"""
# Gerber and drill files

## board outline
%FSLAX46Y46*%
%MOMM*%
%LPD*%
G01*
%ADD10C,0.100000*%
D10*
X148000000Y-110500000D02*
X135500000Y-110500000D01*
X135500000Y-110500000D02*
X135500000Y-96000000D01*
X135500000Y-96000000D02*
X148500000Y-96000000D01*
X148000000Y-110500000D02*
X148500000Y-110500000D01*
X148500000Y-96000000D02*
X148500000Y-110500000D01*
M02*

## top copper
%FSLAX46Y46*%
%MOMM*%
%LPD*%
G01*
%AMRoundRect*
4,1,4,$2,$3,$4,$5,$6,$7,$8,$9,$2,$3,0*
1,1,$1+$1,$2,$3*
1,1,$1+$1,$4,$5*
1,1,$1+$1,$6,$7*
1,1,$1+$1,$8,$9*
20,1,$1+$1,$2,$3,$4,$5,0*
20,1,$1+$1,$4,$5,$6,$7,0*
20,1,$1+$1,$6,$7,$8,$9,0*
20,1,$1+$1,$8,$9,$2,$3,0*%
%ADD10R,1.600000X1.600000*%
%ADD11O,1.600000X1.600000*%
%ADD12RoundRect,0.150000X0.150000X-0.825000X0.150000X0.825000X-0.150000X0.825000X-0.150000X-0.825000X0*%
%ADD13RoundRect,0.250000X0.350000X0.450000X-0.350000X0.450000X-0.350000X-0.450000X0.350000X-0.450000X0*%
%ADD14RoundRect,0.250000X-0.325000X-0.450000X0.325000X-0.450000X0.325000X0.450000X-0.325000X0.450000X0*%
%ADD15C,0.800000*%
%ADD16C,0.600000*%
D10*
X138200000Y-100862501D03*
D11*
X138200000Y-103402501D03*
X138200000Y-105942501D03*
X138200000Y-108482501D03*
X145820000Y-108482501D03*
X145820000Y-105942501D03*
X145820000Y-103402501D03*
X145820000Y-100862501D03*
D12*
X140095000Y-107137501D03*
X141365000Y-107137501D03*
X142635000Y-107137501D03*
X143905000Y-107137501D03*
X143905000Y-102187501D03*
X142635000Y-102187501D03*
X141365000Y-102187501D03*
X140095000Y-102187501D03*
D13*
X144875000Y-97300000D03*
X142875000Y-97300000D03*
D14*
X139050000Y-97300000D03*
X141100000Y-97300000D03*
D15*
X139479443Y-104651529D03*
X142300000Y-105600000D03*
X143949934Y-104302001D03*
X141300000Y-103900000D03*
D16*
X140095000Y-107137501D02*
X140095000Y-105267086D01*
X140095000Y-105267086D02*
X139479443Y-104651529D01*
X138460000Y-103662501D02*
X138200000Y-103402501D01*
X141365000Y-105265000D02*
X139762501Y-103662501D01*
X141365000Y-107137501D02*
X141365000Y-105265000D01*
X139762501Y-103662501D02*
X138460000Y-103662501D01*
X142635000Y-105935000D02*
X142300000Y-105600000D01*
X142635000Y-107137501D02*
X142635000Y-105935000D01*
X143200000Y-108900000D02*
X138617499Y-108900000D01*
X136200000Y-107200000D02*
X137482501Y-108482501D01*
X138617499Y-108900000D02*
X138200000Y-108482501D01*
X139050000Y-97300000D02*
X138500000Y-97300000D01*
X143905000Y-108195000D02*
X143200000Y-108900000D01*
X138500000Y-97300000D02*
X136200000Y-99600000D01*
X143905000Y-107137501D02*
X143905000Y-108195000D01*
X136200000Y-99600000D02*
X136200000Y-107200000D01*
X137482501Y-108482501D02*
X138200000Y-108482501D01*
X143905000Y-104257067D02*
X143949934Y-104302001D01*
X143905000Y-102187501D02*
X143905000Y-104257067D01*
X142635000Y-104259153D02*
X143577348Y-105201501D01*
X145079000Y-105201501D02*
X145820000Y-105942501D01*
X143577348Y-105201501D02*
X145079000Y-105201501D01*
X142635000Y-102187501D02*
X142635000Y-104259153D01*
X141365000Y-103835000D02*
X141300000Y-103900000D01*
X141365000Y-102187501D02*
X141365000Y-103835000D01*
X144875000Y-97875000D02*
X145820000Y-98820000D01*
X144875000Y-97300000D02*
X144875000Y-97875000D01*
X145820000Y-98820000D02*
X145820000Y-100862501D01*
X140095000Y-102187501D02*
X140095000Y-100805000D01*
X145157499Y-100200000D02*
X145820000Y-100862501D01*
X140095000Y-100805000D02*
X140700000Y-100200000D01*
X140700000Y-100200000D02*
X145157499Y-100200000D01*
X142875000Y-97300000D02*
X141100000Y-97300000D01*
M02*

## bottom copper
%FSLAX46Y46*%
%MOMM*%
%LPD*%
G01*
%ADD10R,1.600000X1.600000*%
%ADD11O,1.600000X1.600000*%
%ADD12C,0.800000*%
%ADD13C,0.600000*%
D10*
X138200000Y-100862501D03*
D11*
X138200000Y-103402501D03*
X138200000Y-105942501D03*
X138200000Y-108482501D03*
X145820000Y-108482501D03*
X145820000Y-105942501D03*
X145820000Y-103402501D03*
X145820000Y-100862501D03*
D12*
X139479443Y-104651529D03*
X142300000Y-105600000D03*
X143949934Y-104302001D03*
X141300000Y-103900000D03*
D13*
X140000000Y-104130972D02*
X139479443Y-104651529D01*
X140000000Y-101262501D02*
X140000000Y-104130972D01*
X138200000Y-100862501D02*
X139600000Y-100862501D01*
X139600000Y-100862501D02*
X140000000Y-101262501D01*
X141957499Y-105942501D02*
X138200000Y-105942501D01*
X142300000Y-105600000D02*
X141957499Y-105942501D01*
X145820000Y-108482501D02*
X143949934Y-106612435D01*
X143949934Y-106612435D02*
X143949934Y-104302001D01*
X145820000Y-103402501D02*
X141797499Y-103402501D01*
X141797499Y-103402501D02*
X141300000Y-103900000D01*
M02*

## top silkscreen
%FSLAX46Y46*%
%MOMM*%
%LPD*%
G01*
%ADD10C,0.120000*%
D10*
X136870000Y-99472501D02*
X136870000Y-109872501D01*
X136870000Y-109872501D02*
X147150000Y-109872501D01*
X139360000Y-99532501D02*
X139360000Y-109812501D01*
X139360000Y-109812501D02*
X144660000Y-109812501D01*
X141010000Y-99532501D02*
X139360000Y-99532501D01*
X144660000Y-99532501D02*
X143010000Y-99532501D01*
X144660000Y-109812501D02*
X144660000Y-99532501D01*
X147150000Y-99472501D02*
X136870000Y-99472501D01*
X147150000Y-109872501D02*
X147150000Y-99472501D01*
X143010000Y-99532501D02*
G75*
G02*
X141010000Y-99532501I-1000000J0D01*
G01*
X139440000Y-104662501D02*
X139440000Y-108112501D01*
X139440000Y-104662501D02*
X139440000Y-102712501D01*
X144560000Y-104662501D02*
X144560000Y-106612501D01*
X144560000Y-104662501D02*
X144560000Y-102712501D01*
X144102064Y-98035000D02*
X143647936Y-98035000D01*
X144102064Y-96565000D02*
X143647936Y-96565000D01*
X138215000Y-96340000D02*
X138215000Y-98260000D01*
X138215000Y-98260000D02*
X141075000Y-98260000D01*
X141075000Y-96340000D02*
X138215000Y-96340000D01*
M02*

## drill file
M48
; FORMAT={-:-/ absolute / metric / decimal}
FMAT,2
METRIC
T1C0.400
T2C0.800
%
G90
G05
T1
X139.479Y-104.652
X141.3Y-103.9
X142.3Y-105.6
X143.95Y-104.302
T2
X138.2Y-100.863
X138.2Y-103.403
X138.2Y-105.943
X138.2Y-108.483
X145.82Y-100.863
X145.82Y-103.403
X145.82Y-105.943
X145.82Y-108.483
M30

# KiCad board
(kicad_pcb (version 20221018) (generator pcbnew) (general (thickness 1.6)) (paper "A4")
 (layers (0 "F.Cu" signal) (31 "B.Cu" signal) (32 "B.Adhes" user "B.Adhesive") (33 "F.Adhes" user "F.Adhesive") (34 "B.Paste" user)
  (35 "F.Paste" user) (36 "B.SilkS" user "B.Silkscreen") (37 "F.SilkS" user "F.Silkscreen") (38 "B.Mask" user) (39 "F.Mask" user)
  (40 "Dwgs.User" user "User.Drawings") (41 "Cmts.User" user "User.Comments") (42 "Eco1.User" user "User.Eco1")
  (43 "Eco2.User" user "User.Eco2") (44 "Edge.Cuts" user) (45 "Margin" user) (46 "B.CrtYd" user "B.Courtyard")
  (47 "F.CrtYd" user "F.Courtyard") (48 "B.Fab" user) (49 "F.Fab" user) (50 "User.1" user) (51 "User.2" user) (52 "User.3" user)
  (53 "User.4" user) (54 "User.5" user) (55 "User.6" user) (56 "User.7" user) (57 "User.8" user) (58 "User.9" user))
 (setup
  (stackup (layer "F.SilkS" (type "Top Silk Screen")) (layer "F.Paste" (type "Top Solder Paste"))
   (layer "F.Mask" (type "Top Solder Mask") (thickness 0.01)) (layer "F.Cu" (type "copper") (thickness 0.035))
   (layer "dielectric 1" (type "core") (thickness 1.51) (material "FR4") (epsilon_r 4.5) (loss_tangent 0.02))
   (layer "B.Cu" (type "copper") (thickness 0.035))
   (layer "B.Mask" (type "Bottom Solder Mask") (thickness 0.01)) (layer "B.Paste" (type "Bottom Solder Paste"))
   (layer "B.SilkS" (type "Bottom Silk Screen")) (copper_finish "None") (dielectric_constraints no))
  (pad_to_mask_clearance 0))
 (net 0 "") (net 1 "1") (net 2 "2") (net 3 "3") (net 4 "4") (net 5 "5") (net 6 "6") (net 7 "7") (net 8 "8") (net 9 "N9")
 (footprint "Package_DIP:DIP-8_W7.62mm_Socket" (layer "F.Cu") (at 138.2 100.862501)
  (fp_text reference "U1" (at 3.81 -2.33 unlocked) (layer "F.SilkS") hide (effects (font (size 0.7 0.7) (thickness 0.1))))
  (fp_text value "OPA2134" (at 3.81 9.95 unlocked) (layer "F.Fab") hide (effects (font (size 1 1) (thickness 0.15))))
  (fp_line (start -1.33 -1.39) (end -1.33 9.01) (stroke (width 0.12) (type solid)) (layer "F.SilkS"))
  (fp_line (start -1.33 9.01) (end 8.95 9.01) (stroke (width 0.12) (type solid)) (layer "F.SilkS"))
  (fp_line (start 1.16 -1.33) (end 1.16 8.95) (stroke (width 0.12) (type solid)) (layer "F.SilkS"))
  (fp_line (start 1.16 8.95) (end 6.46 8.95) (stroke (width 0.12) (type solid)) (layer "F.SilkS"))
  (fp_line (start 2.81 -1.33) (end 1.16 -1.33) (stroke (width 0.12) (type solid)) (layer "F.SilkS"))
  (fp_line (start 6.46 -1.33) (end 4.81 -1.33) (stroke (width 0.12) (type solid)) (layer "F.SilkS"))
  (fp_line (start 6.46 8.95) (end 6.46 -1.33) (stroke (width 0.12) (type solid)) (layer "F.SilkS"))
  (fp_line (start 8.95 -1.39) (end -1.33 -1.39) (stroke (width 0.12) (type solid)) (layer "F.SilkS"))
  (fp_line (start 8.95 9.01) (end 8.95 -1.39) (stroke (width 0.12) (type solid)) (layer "F.SilkS"))
  (fp_arc (start 4.81 -1.33) (mid 3.81 -0.33) (end 2.81 -1.33) (stroke (width 0.12) (type solid)) (layer "F.SilkS"))
  (pad "1" thru_hole rect (at 0 0) (size 1.6 1.6) (drill 0.8) (layers "*.Cu" "*.Mask") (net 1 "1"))
  (pad "2" thru_hole oval (at 0 2.54) (size 1.6 1.6) (drill 0.8) (layers "*.Cu" "*.Mask") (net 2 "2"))
  (pad "3" thru_hole oval (at 0 5.08) (size 1.6 1.6) (drill 0.8) (layers "*.Cu" "*.Mask") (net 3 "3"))
  (pad "4" thru_hole oval (at 0 7.62) (size 1.6 1.6) (drill 0.8) (layers "*.Cu" "*.Mask") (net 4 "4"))
  (pad "5" thru_hole oval (at 7.62 7.62) (size 1.6 1.6) (drill 0.8) (layers "*.Cu" "*.Mask") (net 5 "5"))
  (pad "6" thru_hole oval (at 7.62 5.08) (size 1.6 1.6) (drill 0.8) (layers "*.Cu" "*.Mask") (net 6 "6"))
  (pad "7" thru_hole oval (at 7.62 2.54) (size 1.6 1.6) (drill 0.8) (layers "*.Cu" "*.Mask") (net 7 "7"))
  (pad "8" thru_hole oval (at 7.62 0) (size 1.6 1.6) (drill 0.8) (layers "*.Cu" "*.Mask") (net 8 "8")))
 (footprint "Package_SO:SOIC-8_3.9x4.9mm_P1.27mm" (layer "F.Cu") (at 142 104.662501 90)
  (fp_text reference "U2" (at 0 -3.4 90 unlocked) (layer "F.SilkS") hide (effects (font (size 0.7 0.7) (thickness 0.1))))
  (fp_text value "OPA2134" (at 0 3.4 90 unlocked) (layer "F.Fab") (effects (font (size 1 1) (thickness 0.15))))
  (fp_line (start 0 -2.56) (end -3.45 -2.56) (stroke (width 0.12) (type solid)) (layer "F.SilkS"))
  (fp_line (start 0 -2.56) (end 1.95 -2.56) (stroke (width 0.12) (type solid)) (layer "F.SilkS"))
  (fp_line (start 0 2.56) (end -1.95 2.56) (stroke (width 0.12) (type solid)) (layer "F.SilkS"))
  (fp_line (start 0 2.56) (end 1.95 2.56) (stroke (width 0.12) (type solid)) (layer "F.SilkS"))
  (pad "1" smd roundrect (at -2.475 -1.905 90) (size 1.95 0.6) (layers "F.Cu" "F.Paste" "F.Mask") (roundrect_rratio 0.25) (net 1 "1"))
  (pad "2" smd roundrect (at -2.475 -0.635 90) (size 1.95 0.6) (layers "F.Cu" "F.Paste" "F.Mask") (roundrect_rratio 0.25) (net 2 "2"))
  (pad "3" smd roundrect (at -2.475 0.635 90) (size 1.95 0.6) (layers "F.Cu" "F.Paste" "F.Mask") (roundrect_rratio 0.25) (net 3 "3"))
  (pad "4" smd roundrect (at -2.475 1.905 90) (size 1.95 0.6) (layers "F.Cu" "F.Paste" "F.Mask") (roundrect_rratio 0.25) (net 4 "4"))
  (pad "5" smd roundrect (at 2.475 1.905 90) (size 1.95 0.6) (layers "F.Cu" "F.Paste" "F.Mask") (roundrect_rratio 0.25) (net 5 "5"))
  (pad "6" smd roundrect (at 2.475 0.635 90) (size 1.95 0.6) (layers "F.Cu" "F.Paste" "F.Mask") (roundrect_rratio 0.25) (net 6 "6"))
  (pad "7" smd roundrect (at 2.475 -0.635 90) (size 1.95 0.6) (layers "F.Cu" "F.Paste" "F.Mask") (roundrect_rratio 0.25) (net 7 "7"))
  (pad "8" smd roundrect (at 2.475 -1.905 90) (size 1.95 0.6) (layers "F.Cu" "F.Paste" "F.Mask") (roundrect_rratio 0.25) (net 8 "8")))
"""
*Task statement*
Scan the listing above, and wherever a line holds the string "Courtyard", copy that line.

*Written response*
  (43 "Eco2.User" user "User.Eco2") (44 "Edge.Cuts" user) (45 "Margin" user) (46 "B.CrtYd" user "B.Courtyard")
  (47 "F.CrtYd" user "F.Courtyard") (48 "B.Fab" user) (49 "F.Fab" user) (50 "User.1" user) (51 "User.2" user) (52 "User.3" user)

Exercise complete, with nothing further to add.